16‘American imperialism was not the natural extension of an expansionism which began with the very origins of America itself. Nor was it the natural outgrowth of a capitalist world market system which America helped to revive after 1945. American imperialism, whereby America undertook to dominate, organize and direct the free world, was a product of Rooseveltian New Dealism’: Schurmann, The Logic of World Power, pp. 5, 114.

17Schurmann’s formation set him apart from both main currents, radical and liberal, of writing about US foreign policy. Schumpeter, Polanyi, Schmitt, along with Marx and Mao, all left their mark on his thought: see his self-description, The Logic of World Power, pp. 561–5. He was a significant influence on Giovanni Arrighi.

18‘Roosevelt’s “Four Policemen” notion had the appearance of international equality while, in fact, it assumes a weak China and an Anglo-Soviet standoff in Europe’: Kimball, The Juggler, p. 191.

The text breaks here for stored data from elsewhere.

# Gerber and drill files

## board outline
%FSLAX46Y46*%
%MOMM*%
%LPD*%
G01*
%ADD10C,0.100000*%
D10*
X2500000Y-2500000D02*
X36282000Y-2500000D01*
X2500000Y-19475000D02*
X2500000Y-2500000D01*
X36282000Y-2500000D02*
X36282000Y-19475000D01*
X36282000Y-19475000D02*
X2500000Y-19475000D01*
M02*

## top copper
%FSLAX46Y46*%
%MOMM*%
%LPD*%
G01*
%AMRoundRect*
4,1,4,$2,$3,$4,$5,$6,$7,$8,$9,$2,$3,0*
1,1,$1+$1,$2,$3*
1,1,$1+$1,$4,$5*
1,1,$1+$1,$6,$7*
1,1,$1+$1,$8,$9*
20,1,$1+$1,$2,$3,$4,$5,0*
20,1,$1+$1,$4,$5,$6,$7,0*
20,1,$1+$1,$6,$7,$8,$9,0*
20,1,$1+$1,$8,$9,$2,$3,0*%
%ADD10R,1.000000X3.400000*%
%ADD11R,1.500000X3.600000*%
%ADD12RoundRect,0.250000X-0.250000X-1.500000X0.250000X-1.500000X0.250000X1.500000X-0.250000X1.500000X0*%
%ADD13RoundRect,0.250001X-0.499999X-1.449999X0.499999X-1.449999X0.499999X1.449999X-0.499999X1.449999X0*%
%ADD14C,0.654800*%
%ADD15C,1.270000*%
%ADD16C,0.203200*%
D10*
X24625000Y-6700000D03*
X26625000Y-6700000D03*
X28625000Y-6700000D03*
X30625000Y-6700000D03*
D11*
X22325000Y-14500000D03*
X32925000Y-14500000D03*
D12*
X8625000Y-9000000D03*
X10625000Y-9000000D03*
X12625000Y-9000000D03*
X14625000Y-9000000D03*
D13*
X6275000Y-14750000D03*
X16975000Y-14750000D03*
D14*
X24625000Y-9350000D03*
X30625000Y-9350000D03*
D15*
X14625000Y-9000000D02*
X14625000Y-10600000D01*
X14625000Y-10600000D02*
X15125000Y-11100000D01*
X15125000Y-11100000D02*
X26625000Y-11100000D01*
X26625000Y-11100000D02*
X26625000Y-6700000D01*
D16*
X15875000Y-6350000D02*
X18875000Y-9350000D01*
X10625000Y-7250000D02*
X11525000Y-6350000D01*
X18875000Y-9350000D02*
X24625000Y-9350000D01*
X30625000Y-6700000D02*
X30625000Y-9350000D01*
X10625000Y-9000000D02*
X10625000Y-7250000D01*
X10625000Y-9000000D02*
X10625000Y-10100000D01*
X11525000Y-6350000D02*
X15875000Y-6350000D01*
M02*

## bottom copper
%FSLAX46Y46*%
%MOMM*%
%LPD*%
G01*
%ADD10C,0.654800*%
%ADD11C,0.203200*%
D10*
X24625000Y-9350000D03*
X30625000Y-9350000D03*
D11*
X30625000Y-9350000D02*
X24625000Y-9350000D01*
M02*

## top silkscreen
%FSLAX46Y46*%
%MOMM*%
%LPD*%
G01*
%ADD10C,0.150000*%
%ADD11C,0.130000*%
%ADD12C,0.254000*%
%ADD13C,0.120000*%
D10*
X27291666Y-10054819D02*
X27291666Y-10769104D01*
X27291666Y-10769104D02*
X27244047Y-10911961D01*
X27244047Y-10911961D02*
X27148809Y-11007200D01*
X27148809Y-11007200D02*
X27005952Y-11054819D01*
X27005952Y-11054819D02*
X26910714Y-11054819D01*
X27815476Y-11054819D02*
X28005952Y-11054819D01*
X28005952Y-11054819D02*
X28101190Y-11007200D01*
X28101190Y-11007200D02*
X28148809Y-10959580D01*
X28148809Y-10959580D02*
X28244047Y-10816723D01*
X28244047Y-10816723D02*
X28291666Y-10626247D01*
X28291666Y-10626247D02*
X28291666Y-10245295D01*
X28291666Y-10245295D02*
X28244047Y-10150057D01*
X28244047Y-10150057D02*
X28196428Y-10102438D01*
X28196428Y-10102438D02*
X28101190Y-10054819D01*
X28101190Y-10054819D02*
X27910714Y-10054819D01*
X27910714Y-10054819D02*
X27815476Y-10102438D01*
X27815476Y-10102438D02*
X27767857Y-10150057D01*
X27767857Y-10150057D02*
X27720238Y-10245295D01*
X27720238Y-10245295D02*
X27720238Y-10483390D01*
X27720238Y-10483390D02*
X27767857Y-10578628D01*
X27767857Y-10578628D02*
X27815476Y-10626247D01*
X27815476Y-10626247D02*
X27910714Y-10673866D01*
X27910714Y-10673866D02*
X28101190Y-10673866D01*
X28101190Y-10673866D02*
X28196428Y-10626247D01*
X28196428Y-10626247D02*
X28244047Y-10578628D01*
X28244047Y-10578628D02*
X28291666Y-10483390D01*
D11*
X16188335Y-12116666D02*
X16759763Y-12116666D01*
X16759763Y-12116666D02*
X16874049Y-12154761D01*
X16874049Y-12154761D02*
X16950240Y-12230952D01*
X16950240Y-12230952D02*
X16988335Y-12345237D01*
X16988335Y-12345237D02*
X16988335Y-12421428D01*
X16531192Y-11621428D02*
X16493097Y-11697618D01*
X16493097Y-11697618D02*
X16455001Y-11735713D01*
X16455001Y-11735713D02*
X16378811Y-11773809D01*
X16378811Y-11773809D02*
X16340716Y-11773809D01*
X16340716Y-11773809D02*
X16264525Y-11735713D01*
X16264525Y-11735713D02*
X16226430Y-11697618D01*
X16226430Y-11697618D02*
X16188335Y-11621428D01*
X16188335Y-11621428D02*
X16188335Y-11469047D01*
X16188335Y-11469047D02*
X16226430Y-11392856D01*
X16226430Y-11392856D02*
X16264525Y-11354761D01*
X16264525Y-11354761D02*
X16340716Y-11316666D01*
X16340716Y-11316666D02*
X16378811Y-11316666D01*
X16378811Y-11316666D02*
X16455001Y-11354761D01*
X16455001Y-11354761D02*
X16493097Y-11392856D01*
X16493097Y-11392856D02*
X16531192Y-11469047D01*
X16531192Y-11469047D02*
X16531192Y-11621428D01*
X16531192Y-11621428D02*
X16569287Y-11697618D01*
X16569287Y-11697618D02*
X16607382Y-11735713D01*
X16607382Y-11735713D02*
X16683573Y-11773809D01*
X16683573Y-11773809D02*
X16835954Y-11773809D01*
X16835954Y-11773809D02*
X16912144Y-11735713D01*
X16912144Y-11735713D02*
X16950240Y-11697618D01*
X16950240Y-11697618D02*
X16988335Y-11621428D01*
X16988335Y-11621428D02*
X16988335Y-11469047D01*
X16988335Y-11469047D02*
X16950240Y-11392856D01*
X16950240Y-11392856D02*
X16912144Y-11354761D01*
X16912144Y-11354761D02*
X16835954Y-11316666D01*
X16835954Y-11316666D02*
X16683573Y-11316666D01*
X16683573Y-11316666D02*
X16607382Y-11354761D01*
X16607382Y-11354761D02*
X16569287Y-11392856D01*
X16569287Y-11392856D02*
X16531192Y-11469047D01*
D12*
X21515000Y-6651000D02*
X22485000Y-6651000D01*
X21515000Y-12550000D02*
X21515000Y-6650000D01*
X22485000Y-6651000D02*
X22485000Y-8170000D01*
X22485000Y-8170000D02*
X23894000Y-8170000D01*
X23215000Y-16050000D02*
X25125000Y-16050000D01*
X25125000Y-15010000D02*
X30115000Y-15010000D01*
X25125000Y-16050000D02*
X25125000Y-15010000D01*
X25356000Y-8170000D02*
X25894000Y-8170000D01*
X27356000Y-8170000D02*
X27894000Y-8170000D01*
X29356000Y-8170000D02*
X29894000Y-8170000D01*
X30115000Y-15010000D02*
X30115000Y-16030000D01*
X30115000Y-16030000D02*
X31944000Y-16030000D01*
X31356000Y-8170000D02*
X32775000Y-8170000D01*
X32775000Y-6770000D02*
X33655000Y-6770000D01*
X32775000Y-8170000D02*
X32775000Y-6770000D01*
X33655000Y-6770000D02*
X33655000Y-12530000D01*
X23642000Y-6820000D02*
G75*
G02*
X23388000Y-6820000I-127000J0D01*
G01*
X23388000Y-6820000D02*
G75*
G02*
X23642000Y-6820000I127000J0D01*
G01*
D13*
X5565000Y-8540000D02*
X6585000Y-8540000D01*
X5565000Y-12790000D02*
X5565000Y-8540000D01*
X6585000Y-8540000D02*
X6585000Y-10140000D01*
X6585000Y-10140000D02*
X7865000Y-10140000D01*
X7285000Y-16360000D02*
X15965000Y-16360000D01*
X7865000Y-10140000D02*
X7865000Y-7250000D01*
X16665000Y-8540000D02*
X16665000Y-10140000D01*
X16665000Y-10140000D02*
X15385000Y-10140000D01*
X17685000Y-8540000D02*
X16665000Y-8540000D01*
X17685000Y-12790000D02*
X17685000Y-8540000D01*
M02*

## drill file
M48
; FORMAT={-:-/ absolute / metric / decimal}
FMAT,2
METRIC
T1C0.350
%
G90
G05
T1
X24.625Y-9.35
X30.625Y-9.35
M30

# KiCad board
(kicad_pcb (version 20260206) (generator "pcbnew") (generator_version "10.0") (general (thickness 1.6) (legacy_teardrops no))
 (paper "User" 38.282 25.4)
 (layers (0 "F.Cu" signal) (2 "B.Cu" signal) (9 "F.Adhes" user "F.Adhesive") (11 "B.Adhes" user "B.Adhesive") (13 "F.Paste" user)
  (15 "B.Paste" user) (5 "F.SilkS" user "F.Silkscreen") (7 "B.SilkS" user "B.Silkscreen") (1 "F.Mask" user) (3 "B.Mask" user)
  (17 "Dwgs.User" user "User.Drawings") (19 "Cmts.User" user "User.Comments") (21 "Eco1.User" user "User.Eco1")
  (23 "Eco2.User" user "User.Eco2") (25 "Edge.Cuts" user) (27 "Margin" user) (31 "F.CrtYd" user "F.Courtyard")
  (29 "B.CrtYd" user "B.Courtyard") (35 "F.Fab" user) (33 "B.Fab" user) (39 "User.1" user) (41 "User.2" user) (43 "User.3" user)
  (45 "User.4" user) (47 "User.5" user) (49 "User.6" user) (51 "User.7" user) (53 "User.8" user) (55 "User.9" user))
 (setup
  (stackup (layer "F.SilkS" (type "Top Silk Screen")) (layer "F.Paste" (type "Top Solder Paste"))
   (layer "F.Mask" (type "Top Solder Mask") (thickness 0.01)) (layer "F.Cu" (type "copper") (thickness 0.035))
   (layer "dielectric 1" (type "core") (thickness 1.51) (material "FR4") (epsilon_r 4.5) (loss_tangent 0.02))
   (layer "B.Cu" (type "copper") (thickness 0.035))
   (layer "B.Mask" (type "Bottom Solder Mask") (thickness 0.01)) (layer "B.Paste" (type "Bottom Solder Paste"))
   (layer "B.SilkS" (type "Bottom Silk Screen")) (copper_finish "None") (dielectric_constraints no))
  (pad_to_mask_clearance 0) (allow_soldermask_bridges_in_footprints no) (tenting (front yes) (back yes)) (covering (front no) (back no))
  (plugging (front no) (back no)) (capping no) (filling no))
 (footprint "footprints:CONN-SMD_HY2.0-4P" (layer "F.Cu") (at 27.625 10.6)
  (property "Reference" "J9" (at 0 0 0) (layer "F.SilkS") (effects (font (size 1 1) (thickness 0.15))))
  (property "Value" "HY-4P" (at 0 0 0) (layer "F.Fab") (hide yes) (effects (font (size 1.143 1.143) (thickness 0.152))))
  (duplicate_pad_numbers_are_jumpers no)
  (fp_line (start -6.11 -3.949) (end -5.14 -3.949) (stroke (width 0.254) (type solid)) (layer "F.SilkS"))
  (fp_line (start -6.11 1.95) (end -6.11 -3.95) (stroke (width 0.254) (type solid)) (layer "F.SilkS"))
  (fp_line (start -5.14 -3.949) (end -5.14 -2.43) (stroke (width 0.254) (type solid)) (layer "F.SilkS"))
  (fp_line (start -5.14 -2.43) (end -3.731 -2.43) (stroke (width 0.254) (type solid)) (layer "F.SilkS"))
  (fp_line (start -4.41 5.45) (end -2.5 5.45) (stroke (width 0.254) (type solid)) (layer "F.SilkS"))
  (fp_line (start -2.5 4.41) (end 2.49 4.41) (stroke (width 0.254) (type solid)) (layer "F.SilkS"))
  (fp_line (start -2.5 5.45) (end -2.5 4.41) (stroke (width 0.254) (type solid)) (layer "F.SilkS"))
  (fp_line (start -2.269 -2.43) (end -1.731 -2.43) (stroke (width 0.254) (type solid)) (layer "F.SilkS"))
  (fp_line (start -0.269 -2.43) (end 0.269 -2.43) (stroke (width 0.254) (type solid)) (layer "F.SilkS"))
  (fp_line (start 1.731 -2.43) (end 2.269 -2.43) (stroke (width 0.254) (type solid)) (layer "F.SilkS"))
  (fp_line (start 2.49 4.41) (end 2.49 5.43) (stroke (width 0.254) (type solid)) (layer "F.SilkS"))
  (fp_line (start 2.49 5.43) (end 4.319 5.43) (stroke (width 0.254) (type solid)) (layer "F.SilkS"))
  (fp_line (start 3.731 -2.43) (end 5.15 -2.43) (stroke (width 0.254) (type solid)) (layer "F.SilkS"))
  (fp_line (start 5.15 -3.83) (end 6.03 -3.83) (stroke (width 0.254) (type solid)) (layer "F.SilkS"))
  (fp_line (start 5.15 -2.43) (end 5.15 -3.83) (stroke (width 0.254) (type solid)) (layer "F.SilkS"))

19Ironically, the architect of the imposition of American will at Bretton Woods, Harry Dexter White, a closet sympathizer with Russia, was in private himself a critic of the ‘rampant imperialism’ that was urging ‘the US to make the most of our financial domination and military strength and become the most powerful nation in the world’: Benn Steil, The Battle of Bretton Woods: John Maynard Keynes, Harry Dexter White and the Making of a New World Order, Princeton 2013, pp. 40–1. Steil’s account makes clear not only how completely Keynes was outmanoeuvred by White in fumbling attempts to defend British interests in 1944, but how deluded he was in persuading himself that the proceedings of the conference reflected the utmost goodwill of the United States towards Britain.

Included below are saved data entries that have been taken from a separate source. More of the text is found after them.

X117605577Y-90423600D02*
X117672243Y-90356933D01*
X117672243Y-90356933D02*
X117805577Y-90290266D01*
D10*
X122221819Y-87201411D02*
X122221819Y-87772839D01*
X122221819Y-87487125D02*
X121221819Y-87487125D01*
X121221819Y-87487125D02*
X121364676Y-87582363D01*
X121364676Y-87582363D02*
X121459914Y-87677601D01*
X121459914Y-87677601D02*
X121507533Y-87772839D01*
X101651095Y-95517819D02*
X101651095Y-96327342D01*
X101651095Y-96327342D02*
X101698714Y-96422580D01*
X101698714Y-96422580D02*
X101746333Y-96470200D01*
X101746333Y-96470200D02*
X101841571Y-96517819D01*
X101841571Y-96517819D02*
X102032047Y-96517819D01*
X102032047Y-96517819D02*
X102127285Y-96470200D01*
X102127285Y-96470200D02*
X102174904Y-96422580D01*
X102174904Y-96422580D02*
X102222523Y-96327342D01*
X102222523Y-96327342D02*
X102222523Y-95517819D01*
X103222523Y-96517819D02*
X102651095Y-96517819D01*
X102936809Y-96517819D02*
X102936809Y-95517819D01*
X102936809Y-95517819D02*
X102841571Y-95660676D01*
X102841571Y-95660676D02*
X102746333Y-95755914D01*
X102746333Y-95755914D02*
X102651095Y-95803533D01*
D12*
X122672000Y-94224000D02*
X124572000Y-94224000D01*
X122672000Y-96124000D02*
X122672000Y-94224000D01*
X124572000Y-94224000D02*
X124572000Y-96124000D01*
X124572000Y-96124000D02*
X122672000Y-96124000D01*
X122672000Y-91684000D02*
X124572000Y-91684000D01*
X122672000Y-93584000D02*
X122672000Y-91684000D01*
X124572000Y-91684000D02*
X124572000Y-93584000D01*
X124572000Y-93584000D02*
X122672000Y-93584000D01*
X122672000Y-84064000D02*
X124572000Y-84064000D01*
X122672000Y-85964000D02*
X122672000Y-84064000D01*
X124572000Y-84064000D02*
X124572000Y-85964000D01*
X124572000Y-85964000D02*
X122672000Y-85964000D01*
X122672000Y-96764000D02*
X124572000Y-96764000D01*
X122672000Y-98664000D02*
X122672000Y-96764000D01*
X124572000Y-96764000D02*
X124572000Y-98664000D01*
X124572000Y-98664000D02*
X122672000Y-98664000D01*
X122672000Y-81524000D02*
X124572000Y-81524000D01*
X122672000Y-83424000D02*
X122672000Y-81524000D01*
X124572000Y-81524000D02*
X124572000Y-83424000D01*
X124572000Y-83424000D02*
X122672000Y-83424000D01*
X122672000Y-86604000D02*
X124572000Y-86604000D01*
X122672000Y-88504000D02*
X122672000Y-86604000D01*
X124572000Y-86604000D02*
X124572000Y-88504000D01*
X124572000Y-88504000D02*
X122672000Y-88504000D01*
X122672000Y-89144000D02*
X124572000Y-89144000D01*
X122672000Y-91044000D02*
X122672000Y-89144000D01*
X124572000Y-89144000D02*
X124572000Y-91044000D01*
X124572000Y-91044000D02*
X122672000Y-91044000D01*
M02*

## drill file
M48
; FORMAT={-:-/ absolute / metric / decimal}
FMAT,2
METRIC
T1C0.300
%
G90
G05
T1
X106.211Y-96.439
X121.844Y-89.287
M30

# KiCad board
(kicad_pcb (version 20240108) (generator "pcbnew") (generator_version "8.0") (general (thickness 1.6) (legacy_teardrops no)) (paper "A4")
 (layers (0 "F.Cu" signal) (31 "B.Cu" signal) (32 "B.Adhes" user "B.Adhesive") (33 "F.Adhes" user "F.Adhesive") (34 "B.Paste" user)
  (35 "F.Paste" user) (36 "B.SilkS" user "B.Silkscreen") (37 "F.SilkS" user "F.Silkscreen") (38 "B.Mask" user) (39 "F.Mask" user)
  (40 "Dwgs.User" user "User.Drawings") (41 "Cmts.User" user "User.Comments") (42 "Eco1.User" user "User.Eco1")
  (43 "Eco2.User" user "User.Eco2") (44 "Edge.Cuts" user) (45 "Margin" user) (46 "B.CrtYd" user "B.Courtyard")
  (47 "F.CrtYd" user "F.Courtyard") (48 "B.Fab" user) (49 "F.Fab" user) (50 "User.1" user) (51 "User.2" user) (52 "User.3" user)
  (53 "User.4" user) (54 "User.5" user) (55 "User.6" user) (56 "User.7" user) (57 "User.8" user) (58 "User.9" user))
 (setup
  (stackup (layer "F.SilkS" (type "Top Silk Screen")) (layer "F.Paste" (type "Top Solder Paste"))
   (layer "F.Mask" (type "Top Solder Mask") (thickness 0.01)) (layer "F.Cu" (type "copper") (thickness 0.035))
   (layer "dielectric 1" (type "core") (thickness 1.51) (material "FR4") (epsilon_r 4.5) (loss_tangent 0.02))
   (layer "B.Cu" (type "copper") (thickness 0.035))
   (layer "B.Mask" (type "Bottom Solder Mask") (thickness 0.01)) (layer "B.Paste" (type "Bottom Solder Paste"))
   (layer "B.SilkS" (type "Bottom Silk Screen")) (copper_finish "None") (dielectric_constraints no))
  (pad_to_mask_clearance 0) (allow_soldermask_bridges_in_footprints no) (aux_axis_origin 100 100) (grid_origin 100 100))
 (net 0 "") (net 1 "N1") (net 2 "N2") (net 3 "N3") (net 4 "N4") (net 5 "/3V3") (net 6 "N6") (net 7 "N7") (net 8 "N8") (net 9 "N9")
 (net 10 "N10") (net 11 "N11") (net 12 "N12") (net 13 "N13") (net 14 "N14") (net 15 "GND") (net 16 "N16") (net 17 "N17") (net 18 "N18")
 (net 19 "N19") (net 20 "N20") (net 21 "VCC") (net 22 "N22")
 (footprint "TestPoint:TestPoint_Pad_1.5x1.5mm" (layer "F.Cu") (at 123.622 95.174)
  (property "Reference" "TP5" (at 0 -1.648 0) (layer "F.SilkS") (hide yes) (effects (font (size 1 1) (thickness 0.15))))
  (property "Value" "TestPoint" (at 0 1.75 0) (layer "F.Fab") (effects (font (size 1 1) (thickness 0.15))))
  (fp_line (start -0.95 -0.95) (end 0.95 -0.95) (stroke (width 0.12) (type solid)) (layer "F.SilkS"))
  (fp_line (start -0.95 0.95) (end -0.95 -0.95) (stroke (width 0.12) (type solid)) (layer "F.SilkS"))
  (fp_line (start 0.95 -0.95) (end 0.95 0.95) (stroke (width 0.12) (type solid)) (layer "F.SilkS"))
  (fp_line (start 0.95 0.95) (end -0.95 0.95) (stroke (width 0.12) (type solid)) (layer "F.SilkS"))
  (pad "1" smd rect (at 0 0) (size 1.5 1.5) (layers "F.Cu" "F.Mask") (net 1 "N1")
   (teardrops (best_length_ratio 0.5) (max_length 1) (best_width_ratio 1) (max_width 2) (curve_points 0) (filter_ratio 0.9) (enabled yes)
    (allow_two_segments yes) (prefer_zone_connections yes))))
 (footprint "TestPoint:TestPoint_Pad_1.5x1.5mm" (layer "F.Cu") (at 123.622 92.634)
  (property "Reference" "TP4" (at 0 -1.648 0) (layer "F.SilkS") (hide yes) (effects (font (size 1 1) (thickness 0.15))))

20To offset the entry of his bête noire Gaullist France into the Security Council, on which Churchill insisted, Roosevelt pressed without success for the inclusion of Brazil as another subordinate of Washington, and over British opposition sought to create ‘trusteeships’ to screen postwar American designs on key islands in the Pacific. The veto had to be made unconditional at Soviet insistence. For these manoeuvres, see Robert Hilderbrand’s authoritative study, Dumbarton Oaks: The Origins of the United Nations and the Search for Postwar Security, Chapel Hill 1990, pp. 123–7, 170–4, 192–228.

21For the lavish stage-managing and clandestine wiretapping of the Conference, see Stephen Schlesinger’s enthusiastic account, Act of Creation: The Founding of the United Nations, Boulder 2003, passim, and Peter Gowan’s scathing reconstruction, ‘US: UN’ New Left Review 24, Nov–Dec 2003.